-- Instructions to follow --
Return the following from the records below: each line, word for word, starting with the line that contains "X140836401Y-102339299D01*" and going on through the line that contains "X140843694Y-103180255D01*", with nothing outside that range.

-- Stored entries --
===

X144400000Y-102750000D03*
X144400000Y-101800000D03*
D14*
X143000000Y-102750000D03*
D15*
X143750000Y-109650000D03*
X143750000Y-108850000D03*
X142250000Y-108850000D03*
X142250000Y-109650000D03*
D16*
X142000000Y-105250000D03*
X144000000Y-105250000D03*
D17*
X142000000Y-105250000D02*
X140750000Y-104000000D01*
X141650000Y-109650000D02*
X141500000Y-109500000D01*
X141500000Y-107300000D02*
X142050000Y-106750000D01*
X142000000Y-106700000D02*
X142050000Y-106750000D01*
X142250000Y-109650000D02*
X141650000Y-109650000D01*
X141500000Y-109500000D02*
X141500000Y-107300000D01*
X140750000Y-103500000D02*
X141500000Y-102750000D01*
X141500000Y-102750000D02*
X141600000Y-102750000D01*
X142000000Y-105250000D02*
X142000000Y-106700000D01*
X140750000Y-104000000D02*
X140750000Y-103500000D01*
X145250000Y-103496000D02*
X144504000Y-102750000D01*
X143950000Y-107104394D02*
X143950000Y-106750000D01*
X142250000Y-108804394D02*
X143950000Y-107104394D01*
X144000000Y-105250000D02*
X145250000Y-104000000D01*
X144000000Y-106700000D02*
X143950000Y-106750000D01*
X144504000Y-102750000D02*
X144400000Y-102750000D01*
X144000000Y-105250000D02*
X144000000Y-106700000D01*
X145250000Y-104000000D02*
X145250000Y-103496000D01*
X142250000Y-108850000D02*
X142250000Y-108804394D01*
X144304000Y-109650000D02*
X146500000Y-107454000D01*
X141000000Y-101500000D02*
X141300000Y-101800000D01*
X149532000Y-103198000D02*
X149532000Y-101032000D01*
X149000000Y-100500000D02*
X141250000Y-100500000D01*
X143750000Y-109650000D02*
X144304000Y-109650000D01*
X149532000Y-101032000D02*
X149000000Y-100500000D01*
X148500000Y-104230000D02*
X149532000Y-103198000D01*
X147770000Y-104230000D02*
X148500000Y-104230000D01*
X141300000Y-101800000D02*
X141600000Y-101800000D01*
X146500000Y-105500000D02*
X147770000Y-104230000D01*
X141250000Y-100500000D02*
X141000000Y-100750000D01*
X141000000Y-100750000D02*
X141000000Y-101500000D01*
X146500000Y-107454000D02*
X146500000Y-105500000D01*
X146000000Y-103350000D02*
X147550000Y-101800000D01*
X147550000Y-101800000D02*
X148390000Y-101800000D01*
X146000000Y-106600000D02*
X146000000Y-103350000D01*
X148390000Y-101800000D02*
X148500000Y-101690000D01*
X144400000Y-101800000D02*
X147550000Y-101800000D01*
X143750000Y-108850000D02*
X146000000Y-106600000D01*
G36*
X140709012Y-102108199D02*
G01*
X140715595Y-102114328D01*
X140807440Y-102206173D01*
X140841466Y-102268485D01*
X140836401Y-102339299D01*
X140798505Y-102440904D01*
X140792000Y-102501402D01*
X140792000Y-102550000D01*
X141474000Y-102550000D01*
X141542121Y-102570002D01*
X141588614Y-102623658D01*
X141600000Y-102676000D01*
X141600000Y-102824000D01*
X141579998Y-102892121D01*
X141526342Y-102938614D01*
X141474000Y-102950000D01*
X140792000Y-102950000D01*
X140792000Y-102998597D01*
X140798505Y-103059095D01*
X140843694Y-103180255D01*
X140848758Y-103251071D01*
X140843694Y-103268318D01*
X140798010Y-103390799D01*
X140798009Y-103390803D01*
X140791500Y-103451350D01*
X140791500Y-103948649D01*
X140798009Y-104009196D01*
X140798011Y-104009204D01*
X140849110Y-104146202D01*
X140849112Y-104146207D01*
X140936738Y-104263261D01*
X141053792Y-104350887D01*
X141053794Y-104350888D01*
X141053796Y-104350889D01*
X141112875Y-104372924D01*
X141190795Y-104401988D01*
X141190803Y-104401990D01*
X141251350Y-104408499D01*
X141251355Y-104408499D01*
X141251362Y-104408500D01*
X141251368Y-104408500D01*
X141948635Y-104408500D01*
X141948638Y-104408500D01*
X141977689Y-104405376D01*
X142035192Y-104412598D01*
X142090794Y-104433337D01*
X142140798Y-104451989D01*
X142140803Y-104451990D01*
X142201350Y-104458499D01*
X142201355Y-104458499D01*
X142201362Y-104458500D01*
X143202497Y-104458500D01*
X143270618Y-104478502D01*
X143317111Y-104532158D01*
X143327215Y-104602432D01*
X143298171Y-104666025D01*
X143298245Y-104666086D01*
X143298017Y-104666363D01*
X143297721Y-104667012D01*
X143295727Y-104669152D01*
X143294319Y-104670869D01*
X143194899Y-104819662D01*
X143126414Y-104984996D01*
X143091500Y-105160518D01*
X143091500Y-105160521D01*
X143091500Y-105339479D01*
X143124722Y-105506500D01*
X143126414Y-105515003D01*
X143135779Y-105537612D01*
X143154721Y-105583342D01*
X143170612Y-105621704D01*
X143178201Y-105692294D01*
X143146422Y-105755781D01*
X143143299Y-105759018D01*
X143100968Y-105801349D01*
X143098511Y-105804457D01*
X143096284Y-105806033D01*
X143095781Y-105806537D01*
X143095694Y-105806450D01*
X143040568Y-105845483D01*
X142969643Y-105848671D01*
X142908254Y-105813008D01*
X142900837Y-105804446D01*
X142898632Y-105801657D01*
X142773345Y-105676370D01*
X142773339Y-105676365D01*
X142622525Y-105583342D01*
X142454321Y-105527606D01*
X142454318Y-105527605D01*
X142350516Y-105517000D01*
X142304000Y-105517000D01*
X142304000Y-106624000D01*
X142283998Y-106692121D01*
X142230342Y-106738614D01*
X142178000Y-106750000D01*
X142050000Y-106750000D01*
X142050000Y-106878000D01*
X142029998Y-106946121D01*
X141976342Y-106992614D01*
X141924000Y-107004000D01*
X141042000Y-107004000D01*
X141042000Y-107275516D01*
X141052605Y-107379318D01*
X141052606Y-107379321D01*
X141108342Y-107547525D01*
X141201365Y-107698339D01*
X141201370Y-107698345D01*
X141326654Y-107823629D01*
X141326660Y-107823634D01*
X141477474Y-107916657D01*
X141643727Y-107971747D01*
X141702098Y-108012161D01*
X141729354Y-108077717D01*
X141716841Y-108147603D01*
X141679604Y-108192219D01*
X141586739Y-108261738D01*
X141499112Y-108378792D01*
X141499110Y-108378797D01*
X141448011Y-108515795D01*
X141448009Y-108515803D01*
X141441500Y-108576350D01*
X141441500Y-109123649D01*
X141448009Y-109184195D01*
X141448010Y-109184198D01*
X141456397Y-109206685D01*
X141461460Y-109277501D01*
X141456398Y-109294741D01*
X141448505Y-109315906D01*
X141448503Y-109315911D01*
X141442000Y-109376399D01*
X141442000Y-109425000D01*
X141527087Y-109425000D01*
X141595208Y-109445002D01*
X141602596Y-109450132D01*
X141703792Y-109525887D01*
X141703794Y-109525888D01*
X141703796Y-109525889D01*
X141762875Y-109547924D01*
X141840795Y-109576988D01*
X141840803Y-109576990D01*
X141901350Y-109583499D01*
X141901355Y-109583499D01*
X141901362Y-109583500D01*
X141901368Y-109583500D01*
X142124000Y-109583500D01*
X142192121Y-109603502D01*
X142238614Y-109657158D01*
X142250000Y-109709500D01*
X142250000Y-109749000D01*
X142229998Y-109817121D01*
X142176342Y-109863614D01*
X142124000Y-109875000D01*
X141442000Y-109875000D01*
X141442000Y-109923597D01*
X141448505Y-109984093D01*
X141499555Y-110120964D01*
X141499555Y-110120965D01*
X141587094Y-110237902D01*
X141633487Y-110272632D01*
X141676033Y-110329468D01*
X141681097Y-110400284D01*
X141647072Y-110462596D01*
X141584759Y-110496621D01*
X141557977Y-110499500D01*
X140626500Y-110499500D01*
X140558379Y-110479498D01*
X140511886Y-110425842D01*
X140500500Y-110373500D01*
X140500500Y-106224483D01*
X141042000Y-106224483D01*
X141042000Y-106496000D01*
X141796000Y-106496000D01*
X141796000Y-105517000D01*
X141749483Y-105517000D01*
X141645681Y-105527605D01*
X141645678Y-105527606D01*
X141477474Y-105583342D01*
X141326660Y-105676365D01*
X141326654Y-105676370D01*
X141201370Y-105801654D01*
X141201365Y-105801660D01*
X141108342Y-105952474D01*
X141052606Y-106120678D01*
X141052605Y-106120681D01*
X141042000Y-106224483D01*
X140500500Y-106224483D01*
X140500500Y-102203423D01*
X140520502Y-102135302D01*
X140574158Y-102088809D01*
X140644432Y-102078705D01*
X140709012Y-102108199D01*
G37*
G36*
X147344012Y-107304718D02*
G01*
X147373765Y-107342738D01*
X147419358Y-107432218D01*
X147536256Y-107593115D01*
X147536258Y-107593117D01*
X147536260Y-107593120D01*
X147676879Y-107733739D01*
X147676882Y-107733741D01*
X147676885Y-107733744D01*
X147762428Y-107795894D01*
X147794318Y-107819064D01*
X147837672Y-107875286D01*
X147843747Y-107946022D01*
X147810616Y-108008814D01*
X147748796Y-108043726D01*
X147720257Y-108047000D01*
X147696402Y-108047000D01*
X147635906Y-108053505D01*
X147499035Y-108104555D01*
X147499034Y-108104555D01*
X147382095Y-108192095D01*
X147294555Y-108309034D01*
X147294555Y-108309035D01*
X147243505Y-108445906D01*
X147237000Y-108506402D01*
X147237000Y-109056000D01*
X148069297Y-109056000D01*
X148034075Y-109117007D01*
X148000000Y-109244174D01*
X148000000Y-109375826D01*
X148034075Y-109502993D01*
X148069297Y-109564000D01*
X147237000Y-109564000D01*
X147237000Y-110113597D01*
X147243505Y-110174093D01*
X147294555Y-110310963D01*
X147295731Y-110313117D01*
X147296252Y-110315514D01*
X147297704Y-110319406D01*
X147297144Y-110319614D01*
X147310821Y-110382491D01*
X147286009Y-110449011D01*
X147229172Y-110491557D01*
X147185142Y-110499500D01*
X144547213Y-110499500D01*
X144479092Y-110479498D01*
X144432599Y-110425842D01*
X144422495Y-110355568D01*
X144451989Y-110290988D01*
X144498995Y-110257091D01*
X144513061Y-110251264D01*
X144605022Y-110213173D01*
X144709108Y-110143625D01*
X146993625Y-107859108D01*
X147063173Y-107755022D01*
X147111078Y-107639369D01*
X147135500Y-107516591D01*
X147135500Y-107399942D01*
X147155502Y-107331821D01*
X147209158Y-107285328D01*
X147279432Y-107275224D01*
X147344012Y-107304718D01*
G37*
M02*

===

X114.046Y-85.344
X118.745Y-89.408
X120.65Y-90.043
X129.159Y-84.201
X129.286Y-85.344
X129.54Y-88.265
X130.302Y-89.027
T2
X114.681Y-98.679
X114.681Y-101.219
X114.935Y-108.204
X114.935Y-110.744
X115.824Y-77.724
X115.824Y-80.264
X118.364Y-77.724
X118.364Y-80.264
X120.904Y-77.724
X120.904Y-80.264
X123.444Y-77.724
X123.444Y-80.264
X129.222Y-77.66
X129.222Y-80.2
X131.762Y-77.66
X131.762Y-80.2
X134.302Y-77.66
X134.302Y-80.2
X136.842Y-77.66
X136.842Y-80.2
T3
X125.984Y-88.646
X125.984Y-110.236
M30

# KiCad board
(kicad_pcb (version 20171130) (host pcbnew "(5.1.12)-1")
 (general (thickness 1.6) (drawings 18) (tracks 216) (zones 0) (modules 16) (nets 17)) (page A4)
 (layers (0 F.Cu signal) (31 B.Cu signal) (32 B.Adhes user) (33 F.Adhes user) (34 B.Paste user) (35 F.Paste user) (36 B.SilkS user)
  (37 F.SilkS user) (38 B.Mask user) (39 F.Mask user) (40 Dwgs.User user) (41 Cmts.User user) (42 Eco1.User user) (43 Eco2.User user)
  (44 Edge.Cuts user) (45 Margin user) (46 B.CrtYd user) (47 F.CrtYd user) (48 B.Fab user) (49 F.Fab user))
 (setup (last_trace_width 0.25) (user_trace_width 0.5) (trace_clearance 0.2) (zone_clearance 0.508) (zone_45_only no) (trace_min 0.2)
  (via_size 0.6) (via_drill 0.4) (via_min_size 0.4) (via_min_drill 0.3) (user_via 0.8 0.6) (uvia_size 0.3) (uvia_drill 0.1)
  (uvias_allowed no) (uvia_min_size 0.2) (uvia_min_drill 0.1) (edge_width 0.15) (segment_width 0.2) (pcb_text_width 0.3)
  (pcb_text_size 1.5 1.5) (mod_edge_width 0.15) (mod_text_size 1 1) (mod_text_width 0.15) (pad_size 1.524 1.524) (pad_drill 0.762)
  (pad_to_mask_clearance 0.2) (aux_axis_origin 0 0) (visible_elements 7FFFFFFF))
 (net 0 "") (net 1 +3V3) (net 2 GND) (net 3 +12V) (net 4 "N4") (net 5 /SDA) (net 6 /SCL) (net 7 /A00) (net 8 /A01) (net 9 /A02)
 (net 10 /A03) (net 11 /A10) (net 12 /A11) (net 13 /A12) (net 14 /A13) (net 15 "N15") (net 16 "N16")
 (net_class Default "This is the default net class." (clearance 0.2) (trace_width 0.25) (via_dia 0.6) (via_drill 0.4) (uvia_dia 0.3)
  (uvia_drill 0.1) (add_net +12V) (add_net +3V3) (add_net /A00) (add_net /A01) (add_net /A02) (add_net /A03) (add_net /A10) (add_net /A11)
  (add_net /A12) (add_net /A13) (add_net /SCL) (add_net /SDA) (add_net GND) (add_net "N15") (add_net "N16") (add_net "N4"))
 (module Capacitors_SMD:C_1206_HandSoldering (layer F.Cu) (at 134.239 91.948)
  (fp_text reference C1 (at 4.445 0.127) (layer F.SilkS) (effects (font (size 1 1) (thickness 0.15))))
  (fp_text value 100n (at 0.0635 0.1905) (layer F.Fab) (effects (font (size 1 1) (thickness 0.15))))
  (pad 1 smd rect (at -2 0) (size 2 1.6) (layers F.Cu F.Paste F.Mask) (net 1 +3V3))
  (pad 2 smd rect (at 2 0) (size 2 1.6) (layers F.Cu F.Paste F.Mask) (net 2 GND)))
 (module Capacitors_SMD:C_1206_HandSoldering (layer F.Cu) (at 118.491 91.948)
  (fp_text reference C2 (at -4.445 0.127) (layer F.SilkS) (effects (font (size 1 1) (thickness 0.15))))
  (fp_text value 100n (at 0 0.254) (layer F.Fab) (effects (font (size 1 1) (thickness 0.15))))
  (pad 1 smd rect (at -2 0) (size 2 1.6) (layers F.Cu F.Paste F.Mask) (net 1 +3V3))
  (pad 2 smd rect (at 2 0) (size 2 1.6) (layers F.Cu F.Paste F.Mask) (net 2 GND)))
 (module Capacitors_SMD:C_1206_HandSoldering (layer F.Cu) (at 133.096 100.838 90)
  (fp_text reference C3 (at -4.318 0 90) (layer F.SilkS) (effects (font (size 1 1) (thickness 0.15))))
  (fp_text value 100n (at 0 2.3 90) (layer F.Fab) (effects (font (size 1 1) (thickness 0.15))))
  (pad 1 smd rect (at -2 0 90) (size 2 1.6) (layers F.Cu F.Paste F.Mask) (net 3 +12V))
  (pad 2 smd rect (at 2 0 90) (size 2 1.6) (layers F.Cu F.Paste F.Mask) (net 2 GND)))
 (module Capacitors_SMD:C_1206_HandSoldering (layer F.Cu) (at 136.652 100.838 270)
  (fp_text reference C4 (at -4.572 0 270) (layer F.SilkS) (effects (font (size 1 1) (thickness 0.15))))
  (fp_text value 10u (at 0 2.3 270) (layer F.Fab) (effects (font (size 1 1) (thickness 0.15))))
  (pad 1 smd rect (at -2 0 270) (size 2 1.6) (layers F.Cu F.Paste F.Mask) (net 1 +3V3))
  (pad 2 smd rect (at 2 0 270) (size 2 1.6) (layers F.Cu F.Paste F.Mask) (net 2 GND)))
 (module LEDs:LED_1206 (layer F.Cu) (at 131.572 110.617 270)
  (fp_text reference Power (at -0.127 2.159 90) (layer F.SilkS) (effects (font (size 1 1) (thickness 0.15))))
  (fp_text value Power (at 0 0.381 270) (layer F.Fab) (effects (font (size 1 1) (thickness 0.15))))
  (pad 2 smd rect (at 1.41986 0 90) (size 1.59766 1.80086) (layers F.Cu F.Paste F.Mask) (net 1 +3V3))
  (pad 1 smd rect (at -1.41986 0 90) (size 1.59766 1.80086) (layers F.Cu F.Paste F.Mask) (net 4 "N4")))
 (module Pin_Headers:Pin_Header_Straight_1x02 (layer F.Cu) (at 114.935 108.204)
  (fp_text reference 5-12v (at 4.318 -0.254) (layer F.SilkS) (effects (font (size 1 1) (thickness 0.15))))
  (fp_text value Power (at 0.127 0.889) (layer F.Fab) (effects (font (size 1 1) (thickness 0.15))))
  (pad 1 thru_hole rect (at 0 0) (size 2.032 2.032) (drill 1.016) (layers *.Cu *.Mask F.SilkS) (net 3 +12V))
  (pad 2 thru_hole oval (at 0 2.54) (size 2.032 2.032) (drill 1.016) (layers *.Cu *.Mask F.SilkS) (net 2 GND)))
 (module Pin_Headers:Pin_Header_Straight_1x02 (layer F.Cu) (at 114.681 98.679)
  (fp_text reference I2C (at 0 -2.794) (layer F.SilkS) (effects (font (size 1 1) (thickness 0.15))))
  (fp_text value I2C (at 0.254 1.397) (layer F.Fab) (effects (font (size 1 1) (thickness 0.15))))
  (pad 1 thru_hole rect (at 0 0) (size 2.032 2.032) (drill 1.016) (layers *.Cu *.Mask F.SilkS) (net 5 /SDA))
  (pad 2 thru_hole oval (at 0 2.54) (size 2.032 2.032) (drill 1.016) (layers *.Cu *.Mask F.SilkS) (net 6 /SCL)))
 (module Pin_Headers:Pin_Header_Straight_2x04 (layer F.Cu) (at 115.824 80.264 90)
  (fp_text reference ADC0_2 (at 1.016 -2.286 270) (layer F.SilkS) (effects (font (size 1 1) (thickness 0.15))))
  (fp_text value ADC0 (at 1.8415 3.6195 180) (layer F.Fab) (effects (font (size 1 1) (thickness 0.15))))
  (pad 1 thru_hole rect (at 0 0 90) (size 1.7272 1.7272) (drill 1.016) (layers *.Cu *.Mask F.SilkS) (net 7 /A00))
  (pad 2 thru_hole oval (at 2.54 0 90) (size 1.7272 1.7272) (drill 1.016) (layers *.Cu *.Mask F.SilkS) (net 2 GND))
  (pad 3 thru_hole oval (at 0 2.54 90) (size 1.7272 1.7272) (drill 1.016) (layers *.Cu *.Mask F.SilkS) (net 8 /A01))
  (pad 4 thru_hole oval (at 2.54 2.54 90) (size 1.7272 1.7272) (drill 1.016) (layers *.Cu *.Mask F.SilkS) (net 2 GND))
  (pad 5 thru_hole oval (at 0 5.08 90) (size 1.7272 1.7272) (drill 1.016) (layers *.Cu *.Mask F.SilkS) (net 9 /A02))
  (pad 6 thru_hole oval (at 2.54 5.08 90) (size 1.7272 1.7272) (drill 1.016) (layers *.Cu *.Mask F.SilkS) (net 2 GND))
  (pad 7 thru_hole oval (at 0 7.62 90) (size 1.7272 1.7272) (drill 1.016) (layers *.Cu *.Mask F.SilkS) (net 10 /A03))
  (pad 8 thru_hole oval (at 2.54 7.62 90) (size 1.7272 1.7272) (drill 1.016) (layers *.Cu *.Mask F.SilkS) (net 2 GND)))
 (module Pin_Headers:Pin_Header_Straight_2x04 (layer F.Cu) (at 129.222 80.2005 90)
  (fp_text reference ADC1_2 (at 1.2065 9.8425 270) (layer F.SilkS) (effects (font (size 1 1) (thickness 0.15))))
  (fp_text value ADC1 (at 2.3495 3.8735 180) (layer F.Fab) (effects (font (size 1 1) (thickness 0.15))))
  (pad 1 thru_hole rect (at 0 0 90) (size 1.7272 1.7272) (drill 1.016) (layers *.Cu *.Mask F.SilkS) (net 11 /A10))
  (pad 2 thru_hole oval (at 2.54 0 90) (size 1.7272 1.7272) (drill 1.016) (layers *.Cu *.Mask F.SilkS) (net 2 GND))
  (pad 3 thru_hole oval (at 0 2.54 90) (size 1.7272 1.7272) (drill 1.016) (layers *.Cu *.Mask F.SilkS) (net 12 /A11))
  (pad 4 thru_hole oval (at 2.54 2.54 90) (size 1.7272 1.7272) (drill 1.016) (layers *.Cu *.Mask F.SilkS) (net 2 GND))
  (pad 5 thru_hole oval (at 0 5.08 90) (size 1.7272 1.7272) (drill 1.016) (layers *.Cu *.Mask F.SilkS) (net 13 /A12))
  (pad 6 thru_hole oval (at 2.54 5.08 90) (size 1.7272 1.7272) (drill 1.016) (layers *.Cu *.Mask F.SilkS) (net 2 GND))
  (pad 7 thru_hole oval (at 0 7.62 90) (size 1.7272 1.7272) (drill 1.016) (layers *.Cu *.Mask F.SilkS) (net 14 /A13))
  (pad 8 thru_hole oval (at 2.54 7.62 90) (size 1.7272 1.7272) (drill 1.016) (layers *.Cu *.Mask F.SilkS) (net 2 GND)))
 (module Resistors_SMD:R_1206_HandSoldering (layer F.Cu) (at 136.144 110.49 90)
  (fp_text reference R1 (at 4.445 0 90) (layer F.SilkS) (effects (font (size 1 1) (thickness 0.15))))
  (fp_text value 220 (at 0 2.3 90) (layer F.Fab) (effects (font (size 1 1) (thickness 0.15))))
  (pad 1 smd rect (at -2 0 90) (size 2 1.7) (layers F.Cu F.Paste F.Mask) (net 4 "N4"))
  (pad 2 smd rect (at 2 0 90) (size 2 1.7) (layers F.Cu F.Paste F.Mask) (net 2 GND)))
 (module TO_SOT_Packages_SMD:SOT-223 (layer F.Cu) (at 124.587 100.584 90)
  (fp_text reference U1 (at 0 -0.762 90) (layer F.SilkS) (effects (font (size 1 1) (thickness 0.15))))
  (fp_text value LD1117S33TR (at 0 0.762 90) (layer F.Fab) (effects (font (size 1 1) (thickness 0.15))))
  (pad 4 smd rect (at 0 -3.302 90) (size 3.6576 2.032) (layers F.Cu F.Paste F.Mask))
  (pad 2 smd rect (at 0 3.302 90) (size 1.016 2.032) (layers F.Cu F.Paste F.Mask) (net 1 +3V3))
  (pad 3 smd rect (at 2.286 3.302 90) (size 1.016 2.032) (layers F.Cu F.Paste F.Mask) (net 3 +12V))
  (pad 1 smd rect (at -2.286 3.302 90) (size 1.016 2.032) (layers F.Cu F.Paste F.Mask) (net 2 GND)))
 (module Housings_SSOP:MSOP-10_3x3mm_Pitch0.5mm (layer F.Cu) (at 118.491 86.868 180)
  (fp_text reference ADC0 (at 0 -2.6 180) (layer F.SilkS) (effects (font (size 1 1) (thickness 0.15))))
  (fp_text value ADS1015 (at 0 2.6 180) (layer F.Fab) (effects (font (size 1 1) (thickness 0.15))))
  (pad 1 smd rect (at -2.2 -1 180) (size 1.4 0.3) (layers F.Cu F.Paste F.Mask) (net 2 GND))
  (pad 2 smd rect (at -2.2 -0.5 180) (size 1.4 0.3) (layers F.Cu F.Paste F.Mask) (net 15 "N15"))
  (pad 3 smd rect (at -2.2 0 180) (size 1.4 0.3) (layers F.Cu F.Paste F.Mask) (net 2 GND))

===

-- Task result --
X140836401Y-102339299D01*
X140798505Y-102440904D01*
X140792000Y-102501402D01*
X140792000Y-102550000D01*
X141474000Y-102550000D01*
X141542121Y-102570002D01*
X141588614Y-102623658D01*
X141600000Y-102676000D01*
X141600000Y-102824000D01*
X141579998Y-102892121D01*
X141526342Y-102938614D01*
X141474000Y-102950000D01*
X140792000Y-102950000D01*
X140792000Y-102998597D01*
X140798505Y-103059095D01*
X140843694Y-103180255D01*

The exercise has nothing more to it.